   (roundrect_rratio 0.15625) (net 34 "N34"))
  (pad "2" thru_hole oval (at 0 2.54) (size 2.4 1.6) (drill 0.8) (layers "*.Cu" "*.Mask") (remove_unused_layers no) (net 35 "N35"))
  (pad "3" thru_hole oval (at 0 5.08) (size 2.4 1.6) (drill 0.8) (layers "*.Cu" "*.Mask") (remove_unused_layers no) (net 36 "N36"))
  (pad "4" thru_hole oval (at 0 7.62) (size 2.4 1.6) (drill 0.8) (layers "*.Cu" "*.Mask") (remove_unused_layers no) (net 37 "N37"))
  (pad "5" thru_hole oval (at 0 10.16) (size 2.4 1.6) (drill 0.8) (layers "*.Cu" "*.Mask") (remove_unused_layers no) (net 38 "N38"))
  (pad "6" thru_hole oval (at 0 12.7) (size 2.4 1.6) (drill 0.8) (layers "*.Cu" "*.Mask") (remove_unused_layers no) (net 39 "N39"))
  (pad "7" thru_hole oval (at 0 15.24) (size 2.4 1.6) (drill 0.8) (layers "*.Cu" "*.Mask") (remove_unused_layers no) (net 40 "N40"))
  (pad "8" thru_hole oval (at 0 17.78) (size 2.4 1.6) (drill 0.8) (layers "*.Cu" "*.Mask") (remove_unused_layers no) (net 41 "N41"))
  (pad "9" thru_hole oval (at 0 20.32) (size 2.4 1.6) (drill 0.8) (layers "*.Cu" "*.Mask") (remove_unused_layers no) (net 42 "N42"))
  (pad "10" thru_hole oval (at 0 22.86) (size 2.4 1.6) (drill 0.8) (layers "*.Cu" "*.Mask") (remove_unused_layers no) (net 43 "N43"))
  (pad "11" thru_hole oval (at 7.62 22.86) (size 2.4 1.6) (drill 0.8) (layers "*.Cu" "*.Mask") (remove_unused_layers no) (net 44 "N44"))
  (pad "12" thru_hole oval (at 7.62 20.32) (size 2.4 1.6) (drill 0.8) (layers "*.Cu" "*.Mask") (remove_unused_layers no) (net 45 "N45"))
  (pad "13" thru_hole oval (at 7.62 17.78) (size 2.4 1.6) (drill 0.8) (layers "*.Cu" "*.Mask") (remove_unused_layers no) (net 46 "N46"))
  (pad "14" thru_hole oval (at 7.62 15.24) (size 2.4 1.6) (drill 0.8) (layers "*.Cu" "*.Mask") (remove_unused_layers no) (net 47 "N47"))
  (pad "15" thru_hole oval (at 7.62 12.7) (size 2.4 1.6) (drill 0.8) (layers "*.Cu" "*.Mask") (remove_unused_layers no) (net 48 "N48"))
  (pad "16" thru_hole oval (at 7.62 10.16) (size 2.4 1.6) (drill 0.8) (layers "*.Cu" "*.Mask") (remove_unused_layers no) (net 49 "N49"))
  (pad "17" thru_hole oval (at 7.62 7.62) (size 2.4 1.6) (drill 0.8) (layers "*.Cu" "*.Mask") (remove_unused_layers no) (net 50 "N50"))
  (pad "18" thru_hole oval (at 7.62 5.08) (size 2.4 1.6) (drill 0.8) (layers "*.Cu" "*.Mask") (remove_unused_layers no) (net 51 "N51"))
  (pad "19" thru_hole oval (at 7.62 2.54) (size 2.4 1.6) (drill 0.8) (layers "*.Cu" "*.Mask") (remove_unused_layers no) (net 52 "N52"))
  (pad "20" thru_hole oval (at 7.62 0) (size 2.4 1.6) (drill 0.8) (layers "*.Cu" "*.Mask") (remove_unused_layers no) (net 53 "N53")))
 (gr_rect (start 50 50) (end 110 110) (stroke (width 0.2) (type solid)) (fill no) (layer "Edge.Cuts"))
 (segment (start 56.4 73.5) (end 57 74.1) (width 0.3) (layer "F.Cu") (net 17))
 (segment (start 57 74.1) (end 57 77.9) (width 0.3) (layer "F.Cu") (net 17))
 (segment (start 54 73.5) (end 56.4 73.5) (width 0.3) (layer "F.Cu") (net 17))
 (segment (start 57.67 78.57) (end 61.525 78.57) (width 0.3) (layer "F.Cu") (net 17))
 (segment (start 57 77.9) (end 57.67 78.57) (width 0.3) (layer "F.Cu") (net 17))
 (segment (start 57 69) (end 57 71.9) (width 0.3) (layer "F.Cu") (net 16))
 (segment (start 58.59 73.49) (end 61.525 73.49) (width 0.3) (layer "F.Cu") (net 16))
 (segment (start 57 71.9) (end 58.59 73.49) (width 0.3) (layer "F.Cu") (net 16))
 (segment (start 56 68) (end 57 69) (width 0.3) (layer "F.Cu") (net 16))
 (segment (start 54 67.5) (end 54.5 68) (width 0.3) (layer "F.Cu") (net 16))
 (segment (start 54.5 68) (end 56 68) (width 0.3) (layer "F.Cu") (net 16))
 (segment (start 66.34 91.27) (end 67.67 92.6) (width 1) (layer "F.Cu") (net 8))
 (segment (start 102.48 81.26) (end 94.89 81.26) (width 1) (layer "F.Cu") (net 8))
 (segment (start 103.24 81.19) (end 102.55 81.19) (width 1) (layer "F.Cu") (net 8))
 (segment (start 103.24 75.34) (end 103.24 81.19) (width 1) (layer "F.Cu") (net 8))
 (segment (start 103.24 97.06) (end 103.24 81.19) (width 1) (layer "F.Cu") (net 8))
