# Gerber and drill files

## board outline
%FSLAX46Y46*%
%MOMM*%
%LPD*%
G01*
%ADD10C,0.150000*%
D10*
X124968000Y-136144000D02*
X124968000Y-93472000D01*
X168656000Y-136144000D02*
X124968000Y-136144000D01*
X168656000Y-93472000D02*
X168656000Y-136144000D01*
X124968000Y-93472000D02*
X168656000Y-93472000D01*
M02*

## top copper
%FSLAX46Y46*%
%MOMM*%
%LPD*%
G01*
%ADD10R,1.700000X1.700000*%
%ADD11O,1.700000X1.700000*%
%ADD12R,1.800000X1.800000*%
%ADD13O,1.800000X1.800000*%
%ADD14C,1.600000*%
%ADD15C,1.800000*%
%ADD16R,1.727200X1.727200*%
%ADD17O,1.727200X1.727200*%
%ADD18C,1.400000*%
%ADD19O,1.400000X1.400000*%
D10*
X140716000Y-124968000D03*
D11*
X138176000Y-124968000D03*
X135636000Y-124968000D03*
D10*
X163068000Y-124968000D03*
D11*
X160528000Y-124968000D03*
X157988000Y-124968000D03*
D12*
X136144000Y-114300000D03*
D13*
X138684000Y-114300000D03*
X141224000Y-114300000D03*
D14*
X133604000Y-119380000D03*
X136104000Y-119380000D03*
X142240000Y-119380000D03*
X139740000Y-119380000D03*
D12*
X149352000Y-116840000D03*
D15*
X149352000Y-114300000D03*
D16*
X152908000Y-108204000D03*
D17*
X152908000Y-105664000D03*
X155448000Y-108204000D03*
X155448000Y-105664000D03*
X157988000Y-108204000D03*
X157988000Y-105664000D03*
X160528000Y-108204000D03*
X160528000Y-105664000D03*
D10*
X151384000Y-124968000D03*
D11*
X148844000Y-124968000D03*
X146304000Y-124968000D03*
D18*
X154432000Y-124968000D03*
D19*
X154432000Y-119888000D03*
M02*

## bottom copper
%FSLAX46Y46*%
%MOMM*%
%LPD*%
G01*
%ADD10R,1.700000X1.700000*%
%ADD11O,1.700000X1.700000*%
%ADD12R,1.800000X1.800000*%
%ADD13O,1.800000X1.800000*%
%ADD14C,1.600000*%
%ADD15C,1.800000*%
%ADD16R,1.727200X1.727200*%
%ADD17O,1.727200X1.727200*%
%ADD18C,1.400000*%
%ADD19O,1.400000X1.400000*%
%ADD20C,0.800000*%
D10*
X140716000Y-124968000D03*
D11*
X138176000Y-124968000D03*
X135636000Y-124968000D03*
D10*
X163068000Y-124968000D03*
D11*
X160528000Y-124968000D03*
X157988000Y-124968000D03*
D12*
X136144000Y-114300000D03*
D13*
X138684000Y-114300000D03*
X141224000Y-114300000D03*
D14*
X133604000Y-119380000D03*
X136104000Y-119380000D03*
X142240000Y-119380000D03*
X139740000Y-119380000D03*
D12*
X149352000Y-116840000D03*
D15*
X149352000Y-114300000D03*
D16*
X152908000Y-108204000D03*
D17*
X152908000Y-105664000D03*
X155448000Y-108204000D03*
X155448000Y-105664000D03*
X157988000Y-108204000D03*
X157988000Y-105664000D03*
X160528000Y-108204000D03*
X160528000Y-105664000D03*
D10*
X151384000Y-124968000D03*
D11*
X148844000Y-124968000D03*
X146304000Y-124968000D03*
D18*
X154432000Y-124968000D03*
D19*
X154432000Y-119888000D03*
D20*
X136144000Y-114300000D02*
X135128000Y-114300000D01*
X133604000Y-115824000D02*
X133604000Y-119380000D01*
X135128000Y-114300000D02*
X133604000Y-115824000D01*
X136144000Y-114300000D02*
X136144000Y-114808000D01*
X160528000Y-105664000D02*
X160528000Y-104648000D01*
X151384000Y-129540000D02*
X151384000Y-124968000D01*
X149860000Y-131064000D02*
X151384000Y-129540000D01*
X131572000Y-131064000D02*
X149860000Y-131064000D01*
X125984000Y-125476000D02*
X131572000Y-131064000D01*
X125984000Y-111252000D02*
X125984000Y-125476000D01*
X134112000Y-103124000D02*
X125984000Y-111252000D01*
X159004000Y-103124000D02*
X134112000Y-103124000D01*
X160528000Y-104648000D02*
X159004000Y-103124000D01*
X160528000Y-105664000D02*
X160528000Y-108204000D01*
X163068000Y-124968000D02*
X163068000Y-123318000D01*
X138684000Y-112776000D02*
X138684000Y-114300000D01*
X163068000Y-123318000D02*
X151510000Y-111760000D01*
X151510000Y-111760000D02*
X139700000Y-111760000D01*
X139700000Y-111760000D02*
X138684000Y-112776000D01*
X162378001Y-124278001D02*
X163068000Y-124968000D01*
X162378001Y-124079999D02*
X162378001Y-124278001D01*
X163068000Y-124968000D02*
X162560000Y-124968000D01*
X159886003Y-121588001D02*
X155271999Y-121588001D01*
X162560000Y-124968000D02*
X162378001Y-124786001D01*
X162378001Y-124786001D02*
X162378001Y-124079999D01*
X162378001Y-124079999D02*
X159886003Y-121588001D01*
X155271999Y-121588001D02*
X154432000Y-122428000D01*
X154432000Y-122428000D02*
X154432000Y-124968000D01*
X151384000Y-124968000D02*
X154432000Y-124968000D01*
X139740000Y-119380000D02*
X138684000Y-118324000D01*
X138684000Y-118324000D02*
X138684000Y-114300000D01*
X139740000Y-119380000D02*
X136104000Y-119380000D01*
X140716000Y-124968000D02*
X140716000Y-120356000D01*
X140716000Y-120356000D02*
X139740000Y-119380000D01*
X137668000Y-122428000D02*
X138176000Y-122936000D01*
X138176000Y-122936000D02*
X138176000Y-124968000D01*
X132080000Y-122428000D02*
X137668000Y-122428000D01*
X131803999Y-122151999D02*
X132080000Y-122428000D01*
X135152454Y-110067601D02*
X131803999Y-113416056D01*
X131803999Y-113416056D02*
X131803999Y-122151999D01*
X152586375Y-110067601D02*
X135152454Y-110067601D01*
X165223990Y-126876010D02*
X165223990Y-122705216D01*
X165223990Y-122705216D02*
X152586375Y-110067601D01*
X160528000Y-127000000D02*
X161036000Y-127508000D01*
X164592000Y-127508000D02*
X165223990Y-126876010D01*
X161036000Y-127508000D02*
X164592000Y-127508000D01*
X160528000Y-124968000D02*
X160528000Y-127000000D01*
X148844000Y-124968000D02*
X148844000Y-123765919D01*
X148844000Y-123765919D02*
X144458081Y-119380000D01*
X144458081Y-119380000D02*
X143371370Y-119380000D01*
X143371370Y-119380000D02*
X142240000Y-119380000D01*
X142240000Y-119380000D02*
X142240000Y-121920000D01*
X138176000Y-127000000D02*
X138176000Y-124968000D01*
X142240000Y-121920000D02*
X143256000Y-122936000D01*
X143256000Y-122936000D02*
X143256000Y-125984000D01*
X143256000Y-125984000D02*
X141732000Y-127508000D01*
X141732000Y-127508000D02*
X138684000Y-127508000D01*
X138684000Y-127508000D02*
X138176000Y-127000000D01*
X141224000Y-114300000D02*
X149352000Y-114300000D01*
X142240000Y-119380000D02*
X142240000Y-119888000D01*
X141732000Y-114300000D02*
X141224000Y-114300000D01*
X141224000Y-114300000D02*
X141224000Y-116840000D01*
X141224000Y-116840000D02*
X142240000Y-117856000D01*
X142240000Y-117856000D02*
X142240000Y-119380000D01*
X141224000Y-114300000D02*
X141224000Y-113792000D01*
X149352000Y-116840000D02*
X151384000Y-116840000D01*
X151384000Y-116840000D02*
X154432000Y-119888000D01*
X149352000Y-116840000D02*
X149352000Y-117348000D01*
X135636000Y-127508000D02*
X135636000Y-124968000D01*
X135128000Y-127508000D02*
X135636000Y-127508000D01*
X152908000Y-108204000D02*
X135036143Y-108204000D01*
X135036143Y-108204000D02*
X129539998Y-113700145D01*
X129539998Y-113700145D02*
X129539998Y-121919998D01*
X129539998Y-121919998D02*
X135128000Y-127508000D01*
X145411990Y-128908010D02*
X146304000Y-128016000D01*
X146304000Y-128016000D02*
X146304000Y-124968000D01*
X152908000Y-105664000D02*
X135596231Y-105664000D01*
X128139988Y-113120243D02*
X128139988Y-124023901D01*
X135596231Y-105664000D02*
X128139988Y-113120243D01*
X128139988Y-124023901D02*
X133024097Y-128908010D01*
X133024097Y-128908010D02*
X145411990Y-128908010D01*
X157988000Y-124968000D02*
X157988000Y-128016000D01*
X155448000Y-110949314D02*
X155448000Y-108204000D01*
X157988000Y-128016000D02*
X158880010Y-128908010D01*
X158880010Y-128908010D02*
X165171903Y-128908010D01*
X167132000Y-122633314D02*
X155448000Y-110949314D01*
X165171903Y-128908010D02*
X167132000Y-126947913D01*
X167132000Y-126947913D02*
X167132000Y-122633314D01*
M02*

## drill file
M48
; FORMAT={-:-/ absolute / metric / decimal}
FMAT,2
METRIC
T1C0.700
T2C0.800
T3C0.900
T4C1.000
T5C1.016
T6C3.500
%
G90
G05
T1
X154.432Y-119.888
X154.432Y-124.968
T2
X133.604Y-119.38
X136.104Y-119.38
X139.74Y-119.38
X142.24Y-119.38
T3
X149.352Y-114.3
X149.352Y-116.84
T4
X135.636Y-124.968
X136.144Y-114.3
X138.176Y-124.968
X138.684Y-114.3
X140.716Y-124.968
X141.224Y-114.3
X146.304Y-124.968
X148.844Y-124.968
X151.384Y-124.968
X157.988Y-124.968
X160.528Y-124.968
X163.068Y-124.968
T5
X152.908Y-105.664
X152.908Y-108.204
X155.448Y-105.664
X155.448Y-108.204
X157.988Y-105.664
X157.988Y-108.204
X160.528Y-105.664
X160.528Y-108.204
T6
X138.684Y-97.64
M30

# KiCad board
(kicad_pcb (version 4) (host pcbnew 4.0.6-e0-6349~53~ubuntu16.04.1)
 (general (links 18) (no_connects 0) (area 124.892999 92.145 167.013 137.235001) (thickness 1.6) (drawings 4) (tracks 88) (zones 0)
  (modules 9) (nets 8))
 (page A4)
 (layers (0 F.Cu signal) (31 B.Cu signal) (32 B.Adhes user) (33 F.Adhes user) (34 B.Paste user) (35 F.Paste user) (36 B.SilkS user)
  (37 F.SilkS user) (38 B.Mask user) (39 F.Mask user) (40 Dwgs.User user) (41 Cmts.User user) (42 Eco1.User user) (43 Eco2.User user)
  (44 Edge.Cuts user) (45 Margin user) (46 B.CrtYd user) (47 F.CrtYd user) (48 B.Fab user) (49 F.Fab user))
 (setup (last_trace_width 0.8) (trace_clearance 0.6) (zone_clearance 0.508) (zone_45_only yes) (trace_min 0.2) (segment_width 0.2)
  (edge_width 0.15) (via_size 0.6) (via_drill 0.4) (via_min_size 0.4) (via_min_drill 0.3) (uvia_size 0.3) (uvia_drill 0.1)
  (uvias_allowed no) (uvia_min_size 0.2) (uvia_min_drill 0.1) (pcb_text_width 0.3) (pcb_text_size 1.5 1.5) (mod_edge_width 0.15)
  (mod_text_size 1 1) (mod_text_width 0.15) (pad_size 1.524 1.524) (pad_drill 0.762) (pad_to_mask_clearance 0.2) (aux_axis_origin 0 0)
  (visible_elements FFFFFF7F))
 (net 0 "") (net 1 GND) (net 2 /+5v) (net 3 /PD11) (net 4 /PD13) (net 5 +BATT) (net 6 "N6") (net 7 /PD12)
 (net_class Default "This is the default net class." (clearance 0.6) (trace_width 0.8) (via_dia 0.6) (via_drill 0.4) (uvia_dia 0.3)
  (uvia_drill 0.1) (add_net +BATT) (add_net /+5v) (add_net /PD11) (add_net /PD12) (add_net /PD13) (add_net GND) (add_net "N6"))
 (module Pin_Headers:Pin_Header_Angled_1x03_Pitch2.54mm (layer F.Cu) (at 140.716 124.968 270)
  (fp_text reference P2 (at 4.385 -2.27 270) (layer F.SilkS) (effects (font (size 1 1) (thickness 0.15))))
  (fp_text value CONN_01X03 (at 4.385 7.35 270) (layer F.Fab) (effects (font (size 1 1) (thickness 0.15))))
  (pad 1 thru_hole rect (at 0 0 270) (size 1.7 1.7) (drill 1) (layers *.Cu *.Mask) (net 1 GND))
  (pad 2 thru_hole oval (at 0 2.54 270) (size 1.7 1.7) (drill 1) (layers *.Cu *.Mask) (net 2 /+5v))
  (pad 3 thru_hole oval (at 0 5.08 270) (size 1.7 1.7) (drill 1) (layers *.Cu *.Mask) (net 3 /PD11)))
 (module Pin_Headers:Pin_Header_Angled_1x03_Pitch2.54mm (layer F.Cu) (at 163.068 124.968 270)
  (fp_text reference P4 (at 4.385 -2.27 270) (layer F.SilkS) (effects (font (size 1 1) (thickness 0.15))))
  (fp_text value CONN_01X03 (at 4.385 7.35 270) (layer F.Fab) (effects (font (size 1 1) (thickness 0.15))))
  (pad 1 thru_hole rect (at 0 0 270) (size 1.7 1.7) (drill 1) (layers *.Cu *.Mask) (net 1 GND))
  (pad 2 thru_hole oval (at 0 2.54 270) (size 1.7 1.7) (drill 1) (layers *.Cu *.Mask) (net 2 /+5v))
  (pad 3 thru_hole oval (at 0 5.08 270) (size 1.7 1.7) (drill 1) (layers *.Cu *.Mask) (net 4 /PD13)))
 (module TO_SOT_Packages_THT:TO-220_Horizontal (layer F.Cu) (at 136.144 114.3)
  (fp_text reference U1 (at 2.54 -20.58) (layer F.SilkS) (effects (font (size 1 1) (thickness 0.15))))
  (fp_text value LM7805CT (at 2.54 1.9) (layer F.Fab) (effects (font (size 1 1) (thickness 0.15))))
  (pad 0 np_thru_hole oval (at 2.54 -16.66) (size 3.5 3.5) (drill 3.5) (layers *.Cu *.Mask))
  (pad 1 thru_hole rect (at 0 0) (size 1.8 1.8) (drill 1) (layers *.Cu *.Mask) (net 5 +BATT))
  (pad 2 thru_hole oval (at 2.54 0) (size 1.8 1.8) (drill 1) (layers *.Cu *.Mask) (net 1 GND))
  (pad 3 thru_hole oval (at 5.08 0) (size 1.8 1.8) (drill 1) (layers *.Cu *.Mask) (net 2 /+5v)))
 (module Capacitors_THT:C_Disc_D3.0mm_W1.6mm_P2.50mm (layer F.Cu) (at 133.604 119.38)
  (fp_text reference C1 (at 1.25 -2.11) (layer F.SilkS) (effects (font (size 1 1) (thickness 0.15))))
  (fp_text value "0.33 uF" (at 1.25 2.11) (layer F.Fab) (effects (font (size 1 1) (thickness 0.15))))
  (pad 1 thru_hole circle (at 0 0) (size 1.6 1.6) (drill 0.8) (layers *.Cu *.Mask) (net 5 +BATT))
  (pad 2 thru_hole circle (at 2.5 0) (size 1.6 1.6) (drill 0.8) (layers *.Cu *.Mask) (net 1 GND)))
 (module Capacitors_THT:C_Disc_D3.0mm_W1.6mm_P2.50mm (layer F.Cu) (at 142.24 119.38 180)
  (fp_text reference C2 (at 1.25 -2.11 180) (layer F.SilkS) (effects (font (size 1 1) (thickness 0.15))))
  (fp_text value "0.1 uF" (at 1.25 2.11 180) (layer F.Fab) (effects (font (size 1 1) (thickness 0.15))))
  (pad 1 thru_hole circle (at 0 0 180) (size 1.6 1.6) (drill 0.8) (layers *.Cu *.Mask) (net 2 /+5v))
  (pad 2 thru_hole circle (at 2.5 0 180) (size 1.6 1.6) (drill 0.8) (layers *.Cu *.Mask) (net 1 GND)))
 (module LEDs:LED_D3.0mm (layer F.Cu) (at 149.352 116.84 90)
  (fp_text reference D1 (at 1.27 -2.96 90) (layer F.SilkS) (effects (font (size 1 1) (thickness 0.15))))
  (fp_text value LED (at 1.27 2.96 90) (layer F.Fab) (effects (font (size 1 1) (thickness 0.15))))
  (pad 1 thru_hole rect (at 0 0 90) (size 1.8 1.8) (drill 0.9) (layers *.Cu *.Mask) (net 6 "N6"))
  (pad 2 thru_hole circle (at 2.54 0 90) (size 1.8 1.8) (drill 0.9) (layers *.Cu *.Mask) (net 2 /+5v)))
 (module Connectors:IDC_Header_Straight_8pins (layer F.Cu) (at 152.908 108.204)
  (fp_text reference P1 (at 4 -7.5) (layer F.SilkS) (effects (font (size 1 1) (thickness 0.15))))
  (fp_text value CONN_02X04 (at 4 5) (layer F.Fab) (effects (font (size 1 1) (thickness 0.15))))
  (pad 1 thru_hole rect (at 0 0) (size 1.7272 1.7272) (drill 1.016) (layers *.Cu *.Mask) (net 3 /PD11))
  (pad 2 thru_hole oval (at 0 -2.54) (size 1.7272 1.7272) (drill 1.016) (layers *.Cu *.Mask) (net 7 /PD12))
  (pad 3 thru_hole oval (at 2.54 0) (size 1.7272 1.7272) (drill 1.016) (layers *.Cu *.Mask) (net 4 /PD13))
  (pad 4 thru_hole oval (at 2.54 -2.54) (size 1.7272 1.7272) (drill 1.016) (layers *.Cu *.Mask))
  (pad 5 thru_hole oval (at 5.08 0) (size 1.7272 1.7272) (drill 1.016) (layers *.Cu *.Mask))
  (pad 6 thru_hole oval (at 5.08 -2.54) (size 1.7272 1.7272) (drill 1.016) (layers *.Cu *.Mask))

● What you are asked to do: Scan the entries above and show each line that contains the word "user".

● Your solution:
 (layers (0 F.Cu signal) (31 B.Cu signal) (32 B.Adhes user) (33 F.Adhes user) (34 B.Paste user) (35 F.Paste user) (36 B.SilkS user)
  (37 F.SilkS user) (38 B.Mask user) (39 F.Mask user) (40 Dwgs.User user) (41 Cmts.User user) (42 Eco1.User user) (43 Eco2.User user)
  (44 Edge.Cuts user) (45 Margin user) (46 B.CrtYd user) (47 F.CrtYd user) (48 B.Fab user) (49 F.Fab user))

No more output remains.